Linux0.11 kernel segment, the kernel code segment base address is 0, so for the kernel, the logical address is the linear address. Also because 1 page catalog tables and 4 page tables fully map 16M physical memory, the linear address is the physical address. So for the linux0.11 kernel, the logical address, the linear address, the physical address coincide.
========================================================
A virtual address is an image description of the entire memory (not the number on the machine). It is relative to physical memory, can be directly understood as "unreal", "false" memory, for example, a 0x08000000 memory address, it is not on the physical address that large array of 0x08000000-1 that address element; This is because modern operating systems offer a memory-managed image, virtual memory. The process uses the address in virtual memory, the operating system assists the related hardware, and transforms it into a real physical address. This "transformation" is the key to all the issues discussed. With such a pumping image, a program can use a much larger address space than a real physical address. (Rob Peter, robbing, banks do the same), and even multiple processes can use the same address. Not surprisingly, because the converted physical address is not the same. You can reverse-compile the connected program and find that the connector has assigned an address to the program, for example, to invoke a function A, the code is not call a, it is called 0x0811111111, that is, the address of function A is already fixed. There is no such "conversion", there is no concept of virtual address, this is not feasible. Hold on, the question goes on, and it can't be closed.
v. Summary
The CPU converts an address in a virtual memory space to a physical address, which requires two steps: First, a logical address (in fact, the offset within the paragraph) must be understood ... , the CPU uses its segment memory snap-in to convert a logical address into a thread address, and then use its page memory snap-in to convert to the final physical address.
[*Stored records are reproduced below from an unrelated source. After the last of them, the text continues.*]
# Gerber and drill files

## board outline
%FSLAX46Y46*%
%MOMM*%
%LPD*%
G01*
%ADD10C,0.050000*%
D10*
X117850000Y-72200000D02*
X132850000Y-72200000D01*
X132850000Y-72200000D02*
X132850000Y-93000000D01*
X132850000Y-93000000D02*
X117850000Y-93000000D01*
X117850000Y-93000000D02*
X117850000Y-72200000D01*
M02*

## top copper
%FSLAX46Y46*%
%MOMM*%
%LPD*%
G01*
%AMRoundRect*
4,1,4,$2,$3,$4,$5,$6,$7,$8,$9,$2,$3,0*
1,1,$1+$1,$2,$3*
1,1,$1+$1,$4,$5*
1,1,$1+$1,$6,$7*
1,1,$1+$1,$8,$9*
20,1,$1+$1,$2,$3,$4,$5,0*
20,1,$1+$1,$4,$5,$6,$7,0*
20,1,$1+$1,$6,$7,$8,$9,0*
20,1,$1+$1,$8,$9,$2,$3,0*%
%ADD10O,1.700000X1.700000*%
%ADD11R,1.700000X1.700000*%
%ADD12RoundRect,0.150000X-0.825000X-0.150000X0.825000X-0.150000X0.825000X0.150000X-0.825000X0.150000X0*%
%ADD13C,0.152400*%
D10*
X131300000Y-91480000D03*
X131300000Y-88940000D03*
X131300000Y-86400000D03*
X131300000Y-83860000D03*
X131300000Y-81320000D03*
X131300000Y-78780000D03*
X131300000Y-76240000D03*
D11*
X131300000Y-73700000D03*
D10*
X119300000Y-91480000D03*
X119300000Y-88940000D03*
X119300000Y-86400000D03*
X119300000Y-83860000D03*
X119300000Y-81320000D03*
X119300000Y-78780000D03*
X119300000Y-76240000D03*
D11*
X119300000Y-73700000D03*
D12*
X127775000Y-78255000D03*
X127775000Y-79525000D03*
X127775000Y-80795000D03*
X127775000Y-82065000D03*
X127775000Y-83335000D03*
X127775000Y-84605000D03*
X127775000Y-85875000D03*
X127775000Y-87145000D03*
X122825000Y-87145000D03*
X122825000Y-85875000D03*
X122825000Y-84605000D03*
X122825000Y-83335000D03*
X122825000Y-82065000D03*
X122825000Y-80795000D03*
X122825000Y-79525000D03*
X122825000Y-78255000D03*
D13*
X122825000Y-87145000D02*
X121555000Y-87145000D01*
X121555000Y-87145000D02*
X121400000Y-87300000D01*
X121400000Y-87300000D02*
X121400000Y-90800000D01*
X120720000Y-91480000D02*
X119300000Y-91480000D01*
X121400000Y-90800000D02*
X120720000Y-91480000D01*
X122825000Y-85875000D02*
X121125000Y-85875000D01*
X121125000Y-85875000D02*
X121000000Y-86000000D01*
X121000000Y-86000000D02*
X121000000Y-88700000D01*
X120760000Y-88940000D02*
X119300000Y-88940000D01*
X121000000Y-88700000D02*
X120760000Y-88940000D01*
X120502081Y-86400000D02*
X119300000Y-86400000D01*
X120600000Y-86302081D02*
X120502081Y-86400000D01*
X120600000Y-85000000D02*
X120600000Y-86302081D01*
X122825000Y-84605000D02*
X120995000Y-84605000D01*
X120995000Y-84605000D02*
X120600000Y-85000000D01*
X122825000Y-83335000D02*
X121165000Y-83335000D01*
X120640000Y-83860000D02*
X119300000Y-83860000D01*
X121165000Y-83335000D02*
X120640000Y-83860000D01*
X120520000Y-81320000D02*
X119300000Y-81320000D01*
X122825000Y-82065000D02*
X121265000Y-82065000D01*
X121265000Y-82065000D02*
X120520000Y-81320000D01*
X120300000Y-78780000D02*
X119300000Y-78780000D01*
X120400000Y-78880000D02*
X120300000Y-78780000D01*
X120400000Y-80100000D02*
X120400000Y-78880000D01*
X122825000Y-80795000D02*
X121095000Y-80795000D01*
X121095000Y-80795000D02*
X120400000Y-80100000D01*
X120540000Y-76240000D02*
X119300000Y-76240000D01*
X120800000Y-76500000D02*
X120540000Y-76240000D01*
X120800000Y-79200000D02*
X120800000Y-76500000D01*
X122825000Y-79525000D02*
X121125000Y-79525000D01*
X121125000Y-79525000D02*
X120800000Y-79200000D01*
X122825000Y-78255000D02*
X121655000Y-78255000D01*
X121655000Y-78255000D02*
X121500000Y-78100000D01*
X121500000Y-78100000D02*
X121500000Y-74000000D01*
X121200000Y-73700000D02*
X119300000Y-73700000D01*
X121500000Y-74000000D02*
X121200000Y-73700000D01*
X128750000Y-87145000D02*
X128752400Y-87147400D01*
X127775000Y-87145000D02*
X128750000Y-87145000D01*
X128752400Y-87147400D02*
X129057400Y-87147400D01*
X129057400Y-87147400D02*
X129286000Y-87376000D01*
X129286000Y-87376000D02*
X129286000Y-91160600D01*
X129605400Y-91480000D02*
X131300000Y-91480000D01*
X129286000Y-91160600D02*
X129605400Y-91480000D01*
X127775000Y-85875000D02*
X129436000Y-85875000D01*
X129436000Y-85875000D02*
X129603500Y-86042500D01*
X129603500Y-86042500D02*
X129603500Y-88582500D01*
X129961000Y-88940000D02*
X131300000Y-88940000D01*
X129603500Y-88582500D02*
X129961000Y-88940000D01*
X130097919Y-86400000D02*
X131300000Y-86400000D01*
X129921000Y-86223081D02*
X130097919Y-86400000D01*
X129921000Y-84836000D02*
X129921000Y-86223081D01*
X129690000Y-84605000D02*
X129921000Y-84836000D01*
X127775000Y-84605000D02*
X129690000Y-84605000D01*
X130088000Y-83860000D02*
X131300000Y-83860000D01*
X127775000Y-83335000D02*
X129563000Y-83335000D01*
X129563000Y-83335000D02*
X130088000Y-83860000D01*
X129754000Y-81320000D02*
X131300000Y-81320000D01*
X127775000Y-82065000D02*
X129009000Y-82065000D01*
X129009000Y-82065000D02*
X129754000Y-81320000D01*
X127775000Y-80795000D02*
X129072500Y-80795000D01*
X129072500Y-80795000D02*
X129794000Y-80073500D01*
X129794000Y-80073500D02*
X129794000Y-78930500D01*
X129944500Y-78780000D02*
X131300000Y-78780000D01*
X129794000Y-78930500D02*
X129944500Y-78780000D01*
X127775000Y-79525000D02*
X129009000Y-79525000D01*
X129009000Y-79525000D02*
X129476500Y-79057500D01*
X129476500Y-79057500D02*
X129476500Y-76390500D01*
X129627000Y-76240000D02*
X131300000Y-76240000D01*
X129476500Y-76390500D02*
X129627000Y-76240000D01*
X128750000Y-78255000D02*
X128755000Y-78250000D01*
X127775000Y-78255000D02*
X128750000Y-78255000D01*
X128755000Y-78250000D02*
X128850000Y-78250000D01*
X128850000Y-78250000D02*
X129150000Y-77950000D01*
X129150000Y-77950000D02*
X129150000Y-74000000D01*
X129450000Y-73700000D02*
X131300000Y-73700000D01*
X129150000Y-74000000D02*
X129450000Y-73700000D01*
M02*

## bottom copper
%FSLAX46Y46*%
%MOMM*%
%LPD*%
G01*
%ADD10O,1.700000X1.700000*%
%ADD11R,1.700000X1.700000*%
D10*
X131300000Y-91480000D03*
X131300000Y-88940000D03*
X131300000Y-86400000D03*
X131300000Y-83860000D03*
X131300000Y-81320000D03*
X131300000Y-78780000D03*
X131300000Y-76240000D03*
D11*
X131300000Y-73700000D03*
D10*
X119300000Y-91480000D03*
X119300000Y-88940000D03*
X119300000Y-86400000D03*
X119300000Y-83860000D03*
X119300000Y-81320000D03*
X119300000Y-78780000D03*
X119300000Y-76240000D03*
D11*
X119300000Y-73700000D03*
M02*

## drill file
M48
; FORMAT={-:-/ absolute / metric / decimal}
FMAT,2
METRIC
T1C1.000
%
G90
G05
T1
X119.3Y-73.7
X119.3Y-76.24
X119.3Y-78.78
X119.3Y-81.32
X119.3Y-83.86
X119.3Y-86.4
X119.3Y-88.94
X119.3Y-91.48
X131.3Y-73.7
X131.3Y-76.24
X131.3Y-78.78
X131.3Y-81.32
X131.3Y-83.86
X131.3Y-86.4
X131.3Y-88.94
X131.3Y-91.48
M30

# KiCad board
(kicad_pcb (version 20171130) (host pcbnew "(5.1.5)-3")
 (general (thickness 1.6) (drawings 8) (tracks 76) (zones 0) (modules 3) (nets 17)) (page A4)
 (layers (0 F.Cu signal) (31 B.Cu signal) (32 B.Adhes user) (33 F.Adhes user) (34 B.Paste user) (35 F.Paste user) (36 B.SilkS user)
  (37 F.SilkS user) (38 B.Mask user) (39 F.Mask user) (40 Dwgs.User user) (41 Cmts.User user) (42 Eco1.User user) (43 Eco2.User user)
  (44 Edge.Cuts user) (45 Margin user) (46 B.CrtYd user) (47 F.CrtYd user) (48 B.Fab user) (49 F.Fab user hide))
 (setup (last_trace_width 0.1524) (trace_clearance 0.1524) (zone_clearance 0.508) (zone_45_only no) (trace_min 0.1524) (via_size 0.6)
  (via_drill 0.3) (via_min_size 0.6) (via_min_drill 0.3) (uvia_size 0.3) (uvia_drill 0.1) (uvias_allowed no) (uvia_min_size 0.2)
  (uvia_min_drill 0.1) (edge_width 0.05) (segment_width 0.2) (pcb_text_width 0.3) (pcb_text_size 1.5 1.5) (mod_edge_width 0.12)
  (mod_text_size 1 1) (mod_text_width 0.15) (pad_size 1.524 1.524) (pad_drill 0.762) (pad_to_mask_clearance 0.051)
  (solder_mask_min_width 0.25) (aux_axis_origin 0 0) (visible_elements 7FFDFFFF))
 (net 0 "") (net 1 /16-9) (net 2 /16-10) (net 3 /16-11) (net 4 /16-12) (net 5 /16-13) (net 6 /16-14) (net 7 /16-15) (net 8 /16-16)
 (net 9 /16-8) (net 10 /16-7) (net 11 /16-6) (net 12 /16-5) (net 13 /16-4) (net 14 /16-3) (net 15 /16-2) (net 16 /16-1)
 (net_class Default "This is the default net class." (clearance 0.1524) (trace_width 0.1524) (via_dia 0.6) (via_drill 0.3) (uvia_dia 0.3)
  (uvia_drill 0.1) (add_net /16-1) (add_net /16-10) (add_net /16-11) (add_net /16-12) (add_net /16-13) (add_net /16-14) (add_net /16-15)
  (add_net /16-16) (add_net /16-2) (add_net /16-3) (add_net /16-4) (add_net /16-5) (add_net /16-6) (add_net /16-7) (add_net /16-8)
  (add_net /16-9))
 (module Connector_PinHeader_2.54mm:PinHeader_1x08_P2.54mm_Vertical (layer F.Cu) (at 131.3 73.7)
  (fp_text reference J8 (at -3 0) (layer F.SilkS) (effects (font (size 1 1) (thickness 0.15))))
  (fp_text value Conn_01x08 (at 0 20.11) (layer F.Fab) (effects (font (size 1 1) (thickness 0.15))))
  (pad 8 thru_hole oval (at 0 17.78) (size 1.7 1.7) (drill 1) (layers *.Cu *.Mask) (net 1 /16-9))
  (pad 7 thru_hole oval (at 0 15.24) (size 1.7 1.7) (drill 1) (layers *.Cu *.Mask) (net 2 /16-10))
  (pad 6 thru_hole oval (at 0 12.7) (size 1.7 1.7) (drill 1) (layers *.Cu *.Mask) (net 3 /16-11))
  (pad 5 thru_hole oval (at 0 10.16) (size 1.7 1.7) (drill 1) (layers *.Cu *.Mask) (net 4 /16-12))
  (pad 4 thru_hole oval (at 0 7.62) (size 1.7 1.7) (drill 1) (layers *.Cu *.Mask) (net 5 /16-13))
  (pad 3 thru_hole oval (at 0 5.08) (size 1.7 1.7) (drill 1) (layers *.Cu *.Mask) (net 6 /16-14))
  (pad 2 thru_hole oval (at 0 2.54) (size 1.7 1.7) (drill 1) (layers *.Cu *.Mask) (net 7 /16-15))
  (pad 1 thru_hole rect (at 0 0) (size 1.7 1.7) (drill 1) (layers *.Cu *.Mask) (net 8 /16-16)))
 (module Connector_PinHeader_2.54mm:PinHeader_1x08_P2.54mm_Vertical (layer F.Cu) (at 119.3 73.7)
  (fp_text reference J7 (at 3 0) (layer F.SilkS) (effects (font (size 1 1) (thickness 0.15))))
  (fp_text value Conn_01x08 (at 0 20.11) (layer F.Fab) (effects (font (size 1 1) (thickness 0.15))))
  (pad 8 thru_hole oval (at 0 17.78) (size 1.7 1.7) (drill 1) (layers *.Cu *.Mask) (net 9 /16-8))
  (pad 7 thru_hole oval (at 0 15.24) (size 1.7 1.7) (drill 1) (layers *.Cu *.Mask) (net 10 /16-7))
  (pad 6 thru_hole oval (at 0 12.7) (size 1.7 1.7) (drill 1) (layers *.Cu *.Mask) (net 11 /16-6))
  (pad 5 thru_hole oval (at 0 10.16) (size 1.7 1.7) (drill 1) (layers *.Cu *.Mask) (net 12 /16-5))
  (pad 4 thru_hole oval (at 0 7.62) (size 1.7 1.7) (drill 1) (layers *.Cu *.Mask) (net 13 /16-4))
  (pad 3 thru_hole oval (at 0 5.08) (size 1.7 1.7) (drill 1) (layers *.Cu *.Mask) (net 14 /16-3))
  (pad 2 thru_hole oval (at 0 2.54) (size 1.7 1.7) (drill 1) (layers *.Cu *.Mask) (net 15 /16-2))
  (pad 1 thru_hole rect (at 0 0) (size 1.7 1.7) (drill 1) (layers *.Cu *.Mask) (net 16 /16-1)))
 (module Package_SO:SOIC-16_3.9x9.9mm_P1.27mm (layer F.Cu) (at 125.3 82.7)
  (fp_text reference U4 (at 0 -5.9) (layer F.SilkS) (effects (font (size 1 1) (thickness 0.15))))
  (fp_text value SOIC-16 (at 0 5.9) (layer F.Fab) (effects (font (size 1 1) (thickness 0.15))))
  (pad 16 smd roundrect (at 2.475 -4.445) (size 1.95 0.6) (layers F.Cu F.Paste F.Mask) (roundrect_rratio 0.25) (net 8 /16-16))
  (pad 15 smd roundrect (at 2.475 -3.175) (size 1.95 0.6) (layers F.Cu F.Paste F.Mask) (roundrect_rratio 0.25) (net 7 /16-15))
  (pad 14 smd roundrect (at 2.475 -1.905) (size 1.95 0.6) (layers F.Cu F.Paste F.Mask) (roundrect_rratio 0.25) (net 6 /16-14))
  (pad 13 smd roundrect (at 2.475 -0.635) (size 1.95 0.6) (layers F.Cu F.Paste F.Mask) (roundrect_rratio 0.25) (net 5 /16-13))
  (pad 12 smd roundrect (at 2.475 0.635) (size 1.95 0.6) (layers F.Cu F.Paste F.Mask) (roundrect_rratio 0.25) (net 4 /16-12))
  (pad 11 smd roundrect (at 2.475 1.905) (size 1.95 0.6) (layers F.Cu F.Paste F.Mask) (roundrect_rratio 0.25) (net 3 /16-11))
  (pad 10 smd roundrect (at 2.475 3.175) (size 1.95 0.6) (layers F.Cu F.Paste F.Mask) (roundrect_rratio 0.25) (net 2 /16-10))
  (pad 9 smd roundrect (at 2.475 4.445) (size 1.95 0.6) (layers F.Cu F.Paste F.Mask) (roundrect_rratio 0.25) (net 1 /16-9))
  (pad 8 smd roundrect (at -2.475 4.445) (size 1.95 0.6) (layers F.Cu F.Paste F.Mask) (roundrect_rratio 0.25) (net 9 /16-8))
  (pad 7 smd roundrect (at -2.475 3.175) (size 1.95 0.6) (layers F.Cu F.Paste F.Mask) (roundrect_rratio 0.25) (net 10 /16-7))
  (pad 6 smd roundrect (at -2.475 1.905) (size 1.95 0.6) (layers F.Cu F.Paste F.Mask) (roundrect_rratio 0.25) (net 11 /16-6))
  (pad 5 smd roundrect (at -2.475 0.635) (size 1.95 0.6) (layers F.Cu F.Paste F.Mask) (roundrect_rratio 0.25) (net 12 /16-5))
  (pad 4 smd roundrect (at -2.475 -0.635) (size 1.95 0.6) (layers F.Cu F.Paste F.Mask) (roundrect_rratio 0.25) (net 13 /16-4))
  (pad 3 smd roundrect (at -2.475 -1.905) (size 1.95 0.6) (layers F.Cu F.Paste F.Mask) (roundrect_rratio 0.25) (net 14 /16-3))
  (pad 2 smd roundrect (at -2.475 -3.175) (size 1.95 0.6) (layers F.Cu F.Paste F.Mask) (roundrect_rratio 0.25) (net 15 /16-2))
  (pad 1 smd roundrect (at -2.475 -4.445) (size 1.95 0.6) (layers F.Cu F.Paste F.Mask) (roundrect_rratio 0.25) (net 16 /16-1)))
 (gr_line (start 117.85 72.2) (end 132.85 72.2) (layer Edge.Cuts) (width 0.05))
 (gr_line (start 132.85 72.2) (end 132.85 93) (layer Edge.Cuts) (width 0.05))
 (gr_line (start 132.85 93) (end 117.85 93) (layer Edge.Cuts) (width 0.05))
 (gr_line (start 117.85 93) (end 117.85 72.2) (layer Edge.Cuts) (width 0.05))
 (segment (start 122.825 87.145) (end 121.555 87.145) (width 0.1524) (layer F.Cu) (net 9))
 (segment (start 121.555 87.145) (end 121.4 87.3) (width 0.1524) (layer F.Cu) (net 9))
 (segment (start 121.4 87.3) (end 121.4 90.8) (width 0.1524) (layer F.Cu) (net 9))
 (segment (start 120.72 91.48) (end 119.3 91.48) (width 0.1524) (layer F.Cu) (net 9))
Linear address: The space or range in which the CPU can be addressed.
Physical Address: Is the actual memory address in the machine. In other words, it is the range of memory capacity in the machine.
Logical address: is for the program. Generally expressed in seg:offset. (The address that the programmer sees for himself)
Therefore, to really compare the three, you should have the following relationship: The linear address is greater than or equal to the physical address (PS: But the address space is the same), and the logical address is greater than the linear address. The logical address is transformed into a linear address through a segment table, and if the paging mechanism is not turned on, the logical address is converted directly to the space that the CPU is capable of addressing. If opened, the transformation of the linear address to the physical address is done through the page table.
Therefore, the most accurate relationship between the three is: the logical address through the linear address to complete the mapping of physical address, the linear address in the three is completely acting as a "bridge" role.
Either way, it's pretty much the same, just putting the virtual address in the three of the remaining questions.